¡No es no!

Por Ixchel Cano

El delito básico de violación se encuentra previsto en el artículo 171 del Código Penal para el Estado de Chihuahua, el cual castiga a quien por medio de la violencia física o moral, realice cópula con persona de cualquier sexo. No obstante, con base en mi experiencia como operadora del sistema de justicia penal en el Estado, considero que su regulación en esos términos dificulta a las mujeres víctimas de delitos sexuales, el acceso a la justicia, pues cuando el acto sexual no está acompañado de violencia física o moral y debido a que no siempre existen huellas de esta violencia sobre el cuerpo de las víctimas, el delito de violación no existe, provocando que, en la práctica, su demostración sea compleja.

Dado que ese tipo de agresiones ordinariamente se cometen en ausencia de testigos, en virtud de que el sujeto activo procura la clandestinidad para no ser descubierto, es difícil demostrar datos objetivos respecto a la existencia de actos de intimidación, pues vivimos en una sociedad en la que la voluntad de las mujeres se encuentra permanentemente cosificada por vivir en un ambiente en el que la violación forma parte de su cotidianidad, ya sea por ser víctima o por el miedo a serlo.

Esto conlleva a que, al sufrir un acto de esa naturaleza, regularmente, las mujeres optan por no oponer resistencia, ya que su único propósito es sobrevivir a ese episodio para no convertirse en una víctima más de feminicidio, por tal motivo, con esa regulación se abre la posibilidad a dejar impunes ciertos tipos de agresiones sexuales, poniendo en peligro la protección efectiva de la autonomía sexual de las mujeres.

Adicionalmente, dicha regulación propicia una victimización secundaria en quienes sufren una agresión sexual, pues bajo la lógica patriarcal, la ausencia de lesiones en el cuerpo de una mujer que denuncia haber sido víctima de una violación, es sinónimo de una asunción tácita de responsabilidad por los hechos, en virtud de su forma de vestir, por su ocupación laboral, conducta sexual o por haber aceptado una invitación de su agresor.
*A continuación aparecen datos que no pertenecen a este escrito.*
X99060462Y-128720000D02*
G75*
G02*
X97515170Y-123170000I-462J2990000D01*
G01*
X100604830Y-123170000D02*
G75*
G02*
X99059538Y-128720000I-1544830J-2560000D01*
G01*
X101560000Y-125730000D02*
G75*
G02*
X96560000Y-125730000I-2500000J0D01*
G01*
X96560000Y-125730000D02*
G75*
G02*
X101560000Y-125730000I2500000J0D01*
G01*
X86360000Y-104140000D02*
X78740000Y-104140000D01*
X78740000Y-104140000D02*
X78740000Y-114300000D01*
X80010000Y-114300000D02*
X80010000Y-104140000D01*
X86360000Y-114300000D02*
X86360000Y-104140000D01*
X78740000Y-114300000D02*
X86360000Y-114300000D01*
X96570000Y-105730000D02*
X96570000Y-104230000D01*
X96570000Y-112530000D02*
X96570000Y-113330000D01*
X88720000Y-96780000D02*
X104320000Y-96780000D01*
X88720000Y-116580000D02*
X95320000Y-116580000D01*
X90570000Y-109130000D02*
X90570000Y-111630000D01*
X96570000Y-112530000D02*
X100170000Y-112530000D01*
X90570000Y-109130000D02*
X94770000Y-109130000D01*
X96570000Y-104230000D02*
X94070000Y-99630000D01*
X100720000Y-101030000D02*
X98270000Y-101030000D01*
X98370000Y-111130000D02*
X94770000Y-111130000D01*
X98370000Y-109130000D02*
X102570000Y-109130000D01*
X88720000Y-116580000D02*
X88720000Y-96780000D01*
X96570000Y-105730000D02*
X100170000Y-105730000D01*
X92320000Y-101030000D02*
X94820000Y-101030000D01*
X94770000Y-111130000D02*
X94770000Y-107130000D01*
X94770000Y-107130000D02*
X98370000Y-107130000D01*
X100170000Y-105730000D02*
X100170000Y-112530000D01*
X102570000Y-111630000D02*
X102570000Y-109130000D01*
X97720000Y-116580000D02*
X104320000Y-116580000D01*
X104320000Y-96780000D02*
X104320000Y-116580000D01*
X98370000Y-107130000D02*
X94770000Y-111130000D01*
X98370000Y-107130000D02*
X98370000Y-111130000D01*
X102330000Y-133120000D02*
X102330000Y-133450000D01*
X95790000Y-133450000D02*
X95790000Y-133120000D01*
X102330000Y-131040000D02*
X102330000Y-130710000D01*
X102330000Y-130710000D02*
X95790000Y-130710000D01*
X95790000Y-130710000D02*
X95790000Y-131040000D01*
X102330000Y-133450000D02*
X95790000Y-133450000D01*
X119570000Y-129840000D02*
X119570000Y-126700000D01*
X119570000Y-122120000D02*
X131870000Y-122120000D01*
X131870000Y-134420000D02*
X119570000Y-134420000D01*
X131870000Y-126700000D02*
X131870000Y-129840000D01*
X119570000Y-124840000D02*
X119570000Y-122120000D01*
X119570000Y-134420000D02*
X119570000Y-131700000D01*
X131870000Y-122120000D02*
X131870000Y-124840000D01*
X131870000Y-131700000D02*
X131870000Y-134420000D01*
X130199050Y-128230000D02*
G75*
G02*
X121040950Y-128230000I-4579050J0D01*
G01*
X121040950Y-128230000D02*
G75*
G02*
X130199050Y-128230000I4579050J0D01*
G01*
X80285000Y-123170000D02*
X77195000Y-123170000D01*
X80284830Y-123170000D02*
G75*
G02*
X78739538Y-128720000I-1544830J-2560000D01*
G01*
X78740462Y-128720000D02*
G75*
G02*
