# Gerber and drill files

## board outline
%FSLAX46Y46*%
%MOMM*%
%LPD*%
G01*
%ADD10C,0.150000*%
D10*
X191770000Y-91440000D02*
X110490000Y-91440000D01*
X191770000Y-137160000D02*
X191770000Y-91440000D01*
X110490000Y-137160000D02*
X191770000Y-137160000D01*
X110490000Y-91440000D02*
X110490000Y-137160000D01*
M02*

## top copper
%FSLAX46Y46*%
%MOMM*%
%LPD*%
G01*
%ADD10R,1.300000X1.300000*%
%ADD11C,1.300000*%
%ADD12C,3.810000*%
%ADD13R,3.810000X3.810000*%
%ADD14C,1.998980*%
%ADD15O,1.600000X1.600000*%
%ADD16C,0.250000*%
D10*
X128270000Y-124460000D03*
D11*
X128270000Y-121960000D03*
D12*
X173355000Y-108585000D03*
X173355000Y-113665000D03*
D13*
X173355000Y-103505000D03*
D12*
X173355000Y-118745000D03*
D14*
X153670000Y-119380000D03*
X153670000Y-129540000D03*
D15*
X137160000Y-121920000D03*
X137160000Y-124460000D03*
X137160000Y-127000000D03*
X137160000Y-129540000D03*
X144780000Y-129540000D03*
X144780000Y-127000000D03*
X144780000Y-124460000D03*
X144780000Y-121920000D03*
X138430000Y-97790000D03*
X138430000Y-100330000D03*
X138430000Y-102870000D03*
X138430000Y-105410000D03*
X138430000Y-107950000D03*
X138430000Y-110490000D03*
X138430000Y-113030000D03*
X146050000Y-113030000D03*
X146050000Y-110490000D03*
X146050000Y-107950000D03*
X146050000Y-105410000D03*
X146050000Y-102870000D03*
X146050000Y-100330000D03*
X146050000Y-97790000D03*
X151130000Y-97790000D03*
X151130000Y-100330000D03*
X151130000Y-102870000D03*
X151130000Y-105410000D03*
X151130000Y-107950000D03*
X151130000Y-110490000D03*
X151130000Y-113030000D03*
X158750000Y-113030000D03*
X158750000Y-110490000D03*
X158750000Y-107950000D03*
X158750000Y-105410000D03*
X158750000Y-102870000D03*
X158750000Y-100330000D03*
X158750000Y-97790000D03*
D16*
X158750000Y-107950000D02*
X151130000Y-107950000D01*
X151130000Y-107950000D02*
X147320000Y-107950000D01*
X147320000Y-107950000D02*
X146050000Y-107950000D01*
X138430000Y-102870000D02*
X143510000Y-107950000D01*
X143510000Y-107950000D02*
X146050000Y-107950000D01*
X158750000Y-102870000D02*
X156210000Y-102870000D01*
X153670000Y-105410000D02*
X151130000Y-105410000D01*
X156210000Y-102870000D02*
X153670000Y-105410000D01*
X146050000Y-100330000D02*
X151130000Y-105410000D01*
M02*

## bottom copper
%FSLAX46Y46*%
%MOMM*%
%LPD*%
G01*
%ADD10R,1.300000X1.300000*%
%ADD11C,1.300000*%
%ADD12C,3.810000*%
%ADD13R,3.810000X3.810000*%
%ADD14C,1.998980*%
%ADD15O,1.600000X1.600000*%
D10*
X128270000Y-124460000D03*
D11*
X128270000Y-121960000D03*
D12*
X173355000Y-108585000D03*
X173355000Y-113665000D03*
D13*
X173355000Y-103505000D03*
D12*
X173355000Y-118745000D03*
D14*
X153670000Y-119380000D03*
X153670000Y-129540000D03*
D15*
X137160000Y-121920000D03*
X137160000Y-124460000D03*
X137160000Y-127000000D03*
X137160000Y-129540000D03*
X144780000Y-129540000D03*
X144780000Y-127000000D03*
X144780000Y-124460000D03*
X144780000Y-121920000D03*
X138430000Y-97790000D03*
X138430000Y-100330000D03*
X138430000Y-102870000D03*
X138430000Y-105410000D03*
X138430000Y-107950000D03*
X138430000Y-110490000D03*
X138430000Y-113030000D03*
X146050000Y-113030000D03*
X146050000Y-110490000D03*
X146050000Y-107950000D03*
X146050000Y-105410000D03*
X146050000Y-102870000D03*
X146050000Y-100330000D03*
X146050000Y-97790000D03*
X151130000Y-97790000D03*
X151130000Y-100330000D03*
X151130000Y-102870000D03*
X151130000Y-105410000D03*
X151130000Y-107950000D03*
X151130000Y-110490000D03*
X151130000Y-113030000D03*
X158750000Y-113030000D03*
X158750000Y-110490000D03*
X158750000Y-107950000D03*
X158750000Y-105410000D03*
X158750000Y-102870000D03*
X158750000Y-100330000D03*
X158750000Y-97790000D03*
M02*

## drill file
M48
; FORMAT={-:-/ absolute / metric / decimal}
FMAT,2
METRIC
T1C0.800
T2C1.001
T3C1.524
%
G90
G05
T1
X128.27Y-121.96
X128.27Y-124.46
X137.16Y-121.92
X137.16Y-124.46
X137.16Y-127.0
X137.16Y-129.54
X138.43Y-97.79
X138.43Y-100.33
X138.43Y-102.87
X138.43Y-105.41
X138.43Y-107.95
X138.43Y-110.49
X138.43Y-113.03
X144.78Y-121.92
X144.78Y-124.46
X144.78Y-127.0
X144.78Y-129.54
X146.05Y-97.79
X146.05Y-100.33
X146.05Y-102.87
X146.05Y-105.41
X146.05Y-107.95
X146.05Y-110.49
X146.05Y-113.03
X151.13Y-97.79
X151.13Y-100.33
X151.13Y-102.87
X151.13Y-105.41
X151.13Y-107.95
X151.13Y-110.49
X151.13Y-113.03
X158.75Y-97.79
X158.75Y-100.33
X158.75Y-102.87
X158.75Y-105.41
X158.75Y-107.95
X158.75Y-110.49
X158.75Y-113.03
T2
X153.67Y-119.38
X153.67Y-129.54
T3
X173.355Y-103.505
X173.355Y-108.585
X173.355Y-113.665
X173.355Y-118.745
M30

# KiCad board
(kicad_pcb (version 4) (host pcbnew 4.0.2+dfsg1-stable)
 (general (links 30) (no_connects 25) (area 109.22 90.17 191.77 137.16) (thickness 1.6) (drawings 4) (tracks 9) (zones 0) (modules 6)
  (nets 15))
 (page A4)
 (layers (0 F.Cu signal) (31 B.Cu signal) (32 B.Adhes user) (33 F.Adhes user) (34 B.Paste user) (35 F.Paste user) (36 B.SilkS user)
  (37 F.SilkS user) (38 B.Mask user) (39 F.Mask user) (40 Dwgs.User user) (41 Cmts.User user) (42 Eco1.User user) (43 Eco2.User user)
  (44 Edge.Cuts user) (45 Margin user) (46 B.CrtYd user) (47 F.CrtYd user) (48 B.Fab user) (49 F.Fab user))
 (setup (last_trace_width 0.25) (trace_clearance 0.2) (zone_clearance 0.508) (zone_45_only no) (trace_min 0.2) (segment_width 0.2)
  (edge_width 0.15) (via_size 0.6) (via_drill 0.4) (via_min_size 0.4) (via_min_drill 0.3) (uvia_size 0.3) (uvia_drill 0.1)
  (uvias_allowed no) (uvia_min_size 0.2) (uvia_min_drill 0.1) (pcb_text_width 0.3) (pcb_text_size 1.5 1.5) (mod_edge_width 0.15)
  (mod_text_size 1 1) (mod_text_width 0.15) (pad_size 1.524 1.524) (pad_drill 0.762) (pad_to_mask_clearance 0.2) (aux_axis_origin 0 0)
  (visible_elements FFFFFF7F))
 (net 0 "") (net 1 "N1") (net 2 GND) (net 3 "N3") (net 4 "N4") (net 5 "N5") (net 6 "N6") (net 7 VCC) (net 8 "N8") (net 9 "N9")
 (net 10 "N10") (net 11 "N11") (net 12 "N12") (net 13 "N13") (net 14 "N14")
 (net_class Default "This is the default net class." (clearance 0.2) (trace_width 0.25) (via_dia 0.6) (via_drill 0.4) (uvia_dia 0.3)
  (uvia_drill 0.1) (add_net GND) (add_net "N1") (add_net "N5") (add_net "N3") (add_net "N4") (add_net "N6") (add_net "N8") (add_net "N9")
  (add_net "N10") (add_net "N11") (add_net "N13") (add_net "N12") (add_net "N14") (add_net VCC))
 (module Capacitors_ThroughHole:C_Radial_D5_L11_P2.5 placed (layer F.Cu) (at 128.27 124.46 90)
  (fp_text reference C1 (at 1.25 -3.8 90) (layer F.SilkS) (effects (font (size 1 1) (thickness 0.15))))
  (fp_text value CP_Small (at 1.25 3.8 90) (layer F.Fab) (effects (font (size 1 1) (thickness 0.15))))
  (pad 1 thru_hole rect (at 0 0 90) (size 1.3 1.3) (drill 0.8) (layers *.Cu *.Mask F.SilkS) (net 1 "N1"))
  (pad 2 thru_hole circle (at 2.5 0 90) (size 1.3 1.3) (drill 0.8) (layers *.Cu *.Mask F.SilkS) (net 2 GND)))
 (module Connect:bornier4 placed (layer F.Cu) (at 173.355 111.125 270)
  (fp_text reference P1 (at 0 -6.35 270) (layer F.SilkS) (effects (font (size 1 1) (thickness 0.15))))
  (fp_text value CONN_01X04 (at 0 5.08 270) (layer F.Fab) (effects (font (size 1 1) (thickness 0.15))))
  (pad 2 thru_hole circle (at -2.54 0 270) (size 3.81 3.81) (drill 1.524) (layers *.Cu *.Mask F.SilkS) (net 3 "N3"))
  (pad 3 thru_hole circle (at 2.54 0 270) (size 3.81 3.81) (drill 1.524) (layers *.Cu *.Mask F.SilkS) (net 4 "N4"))
  (pad 1 thru_hole rect (at -7.62 0 270) (size 3.81 3.81) (drill 1.524) (layers *.Cu *.Mask F.SilkS) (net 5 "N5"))
  (pad 4 thru_hole circle (at 7.62 0 270) (size 3.81 3.81) (drill 1.524) (layers *.Cu *.Mask F.SilkS) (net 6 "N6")))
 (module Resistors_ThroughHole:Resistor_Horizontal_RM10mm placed (layer F.Cu) (at 153.67 119.38 270)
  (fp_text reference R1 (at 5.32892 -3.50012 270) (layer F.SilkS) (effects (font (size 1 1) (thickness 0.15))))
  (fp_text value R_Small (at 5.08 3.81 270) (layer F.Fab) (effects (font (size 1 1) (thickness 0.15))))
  (pad 1 thru_hole circle (at 0 0 270) (size 1.99898 1.99898) (drill 1.00076) (layers *.Cu *.SilkS *.Mask) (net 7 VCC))
  (pad 2 thru_hole circle (at 10.16 0 270) (size 1.99898 1.99898) (drill 1.00076) (layers *.Cu *.SilkS *.Mask) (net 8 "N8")))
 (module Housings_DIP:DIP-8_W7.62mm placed (layer F.Cu) (at 137.16 121.92)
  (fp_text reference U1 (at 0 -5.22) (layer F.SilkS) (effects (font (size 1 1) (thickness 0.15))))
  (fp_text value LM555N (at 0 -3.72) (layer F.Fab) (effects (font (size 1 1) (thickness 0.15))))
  (pad 1 thru_hole oval (at 0 0) (size 1.6 1.6) (drill 0.8) (layers *.Cu *.Mask F.SilkS) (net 2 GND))
  (pad 2 thru_hole oval (at 0 2.54) (size 1.6 1.6) (drill 0.8) (layers *.Cu *.Mask F.SilkS) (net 1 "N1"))
  (pad 3 thru_hole oval (at 0 5.08) (size 1.6 1.6) (drill 0.8) (layers *.Cu *.Mask F.SilkS) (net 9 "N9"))
  (pad 4 thru_hole oval (at 0 7.62) (size 1.6 1.6) (drill 0.8) (layers *.Cu *.Mask F.SilkS) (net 7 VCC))
  (pad 5 thru_hole oval (at 7.62 7.62) (size 1.6 1.6) (drill 0.8) (layers *.Cu *.Mask F.SilkS) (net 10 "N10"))
  (pad 6 thru_hole oval (at 7.62 5.08) (size 1.6 1.6) (drill 0.8) (layers *.Cu *.Mask F.SilkS) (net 1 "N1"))
  (pad 7 thru_hole oval (at 7.62 2.54) (size 1.6 1.6) (drill 0.8) (layers *.Cu *.Mask F.SilkS) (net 8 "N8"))
  (pad 8 thru_hole oval (at 7.62 0) (size 1.6 1.6) (drill 0.8) (layers *.Cu *.Mask F.SilkS) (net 7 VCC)))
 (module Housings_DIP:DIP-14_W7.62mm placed (layer F.Cu) (at 138.43 97.79)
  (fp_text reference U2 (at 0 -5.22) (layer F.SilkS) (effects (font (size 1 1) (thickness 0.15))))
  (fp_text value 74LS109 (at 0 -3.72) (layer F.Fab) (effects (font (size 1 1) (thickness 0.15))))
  (pad 1 thru_hole oval (at 0 0) (size 1.6 1.6) (drill 0.8) (layers *.Cu *.Mask F.SilkS) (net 7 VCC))
  (pad 2 thru_hole oval (at 0 2.54) (size 1.6 1.6) (drill 0.8) (layers *.Cu *.Mask F.SilkS) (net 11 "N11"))
  (pad 3 thru_hole oval (at 0 5.08) (size 1.6 1.6) (drill 0.8) (layers *.Cu *.Mask F.SilkS) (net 11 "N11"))
  (pad 4 thru_hole oval (at 0 7.62) (size 1.6 1.6) (drill 0.8) (layers *.Cu *.Mask F.SilkS) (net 9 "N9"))
  (pad 5 thru_hole oval (at 0 10.16) (size 1.6 1.6) (drill 0.8) (layers *.Cu *.Mask F.SilkS) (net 7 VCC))
  (pad 6 thru_hole oval (at 0 12.7) (size 1.6 1.6) (drill 0.8) (layers *.Cu *.Mask F.SilkS) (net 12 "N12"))
  (pad 7 thru_hole oval (at 0 15.24) (size 1.6 1.6) (drill 0.8) (layers *.Cu *.Mask F.SilkS) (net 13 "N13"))
  (pad 8 thru_hole oval (at 7.62 15.24) (size 1.6 1.6) (drill 0.8) (layers *.Cu *.Mask F.SilkS) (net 2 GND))
  (pad 9 thru_hole oval (at 7.62 12.7) (size 1.6 1.6) (drill 0.8) (layers *.Cu *.Mask F.SilkS) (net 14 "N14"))
  (pad 10 thru_hole oval (at 7.62 10.16) (size 1.6 1.6) (drill 0.8) (layers *.Cu *.Mask F.SilkS) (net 11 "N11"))
  (pad 11 thru_hole oval (at 7.62 7.62) (size 1.6 1.6) (drill 0.8) (layers *.Cu *.Mask F.SilkS) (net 7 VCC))
  (pad 12 thru_hole oval (at 7.62 5.08) (size 1.6 1.6) (drill 0.8) (layers *.Cu *.Mask F.SilkS) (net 9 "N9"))
  (pad 13 thru_hole oval (at 7.62 2.54) (size 1.6 1.6) (drill 0.8) (layers *.Cu *.Mask F.SilkS) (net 13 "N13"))
  (pad 14 thru_hole oval (at 7.62 0) (size 1.6 1.6) (drill 0.8) (layers *.Cu *.Mask F.SilkS) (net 13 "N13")))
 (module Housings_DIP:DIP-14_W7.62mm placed (layer F.Cu) (at 151.13 97.79)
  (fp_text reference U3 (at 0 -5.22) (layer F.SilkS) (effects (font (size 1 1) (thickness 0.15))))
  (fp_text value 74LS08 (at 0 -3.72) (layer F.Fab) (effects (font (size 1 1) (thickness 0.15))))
Esto genera que, en ocasiones, las mujeres elijan no denunciar los atentados sexuales que sufren, para evitar que su solvencia moral sea puesta en tela de juicio, o que su voz, pidiendo justicia, lejos de ser escuchada, sea cuestionada.

Como resultado de lo expuesto, el requerir a las víctimas que opongan cierta resistencia, más allá de su expresión a negarse a tener relaciones sexuales, es exigirles poner en riesgo su seguridad e integridad personal, infravalorando el consentimiento de la víctima por sí solo: ¡No es no!

Es por ello, que para dar una respuesta efectiva a las víctimas de violencia sexual, consideramos que es necesaria la eliminación de los obstáculos con los que estas se encuentran en su búsqueda de justicia. Para lograrlo, hay que modificar la actual estructura del delito básico de violación, de modo que se adecúe a los estándares internacionales, recogiendo la falta de consentimiento como elemento definitorio del delito de violación, descartando que el uso de la violencia o amenazas sean requisitos necesarios para su actualización, considerándolas, en todo caso como circunstancias que agraven la pena para dicho delito. Como en efecto ocurre en el tipo básico de abuso sexual, —que incluso es considerado de menor lesión al bien jurídico que protegen los delitos sexuales—, pues esta nueva definición traería consigo derivaciones muy relevantes para la autonomía sexual de las mujeres, dándole a su libertad sexual la consideración que merece, que es el bien jurídico que se tutela.

Así, desde el punto de vista de un observador neutral como lo son los Órganos Jurisdiccionales, es que se determinaría si existió ausencia de consentimiento en una denuncia de atentado sexual, bajo las circunstancias particulares del caso concreto. Motivo por el cual, consideramos que el Congreso del Estado debe demostrar que le importan sus mujeres, ajustando la regulación del delito de violación a la realidad social y a los lineamientos de los estándares internacionales.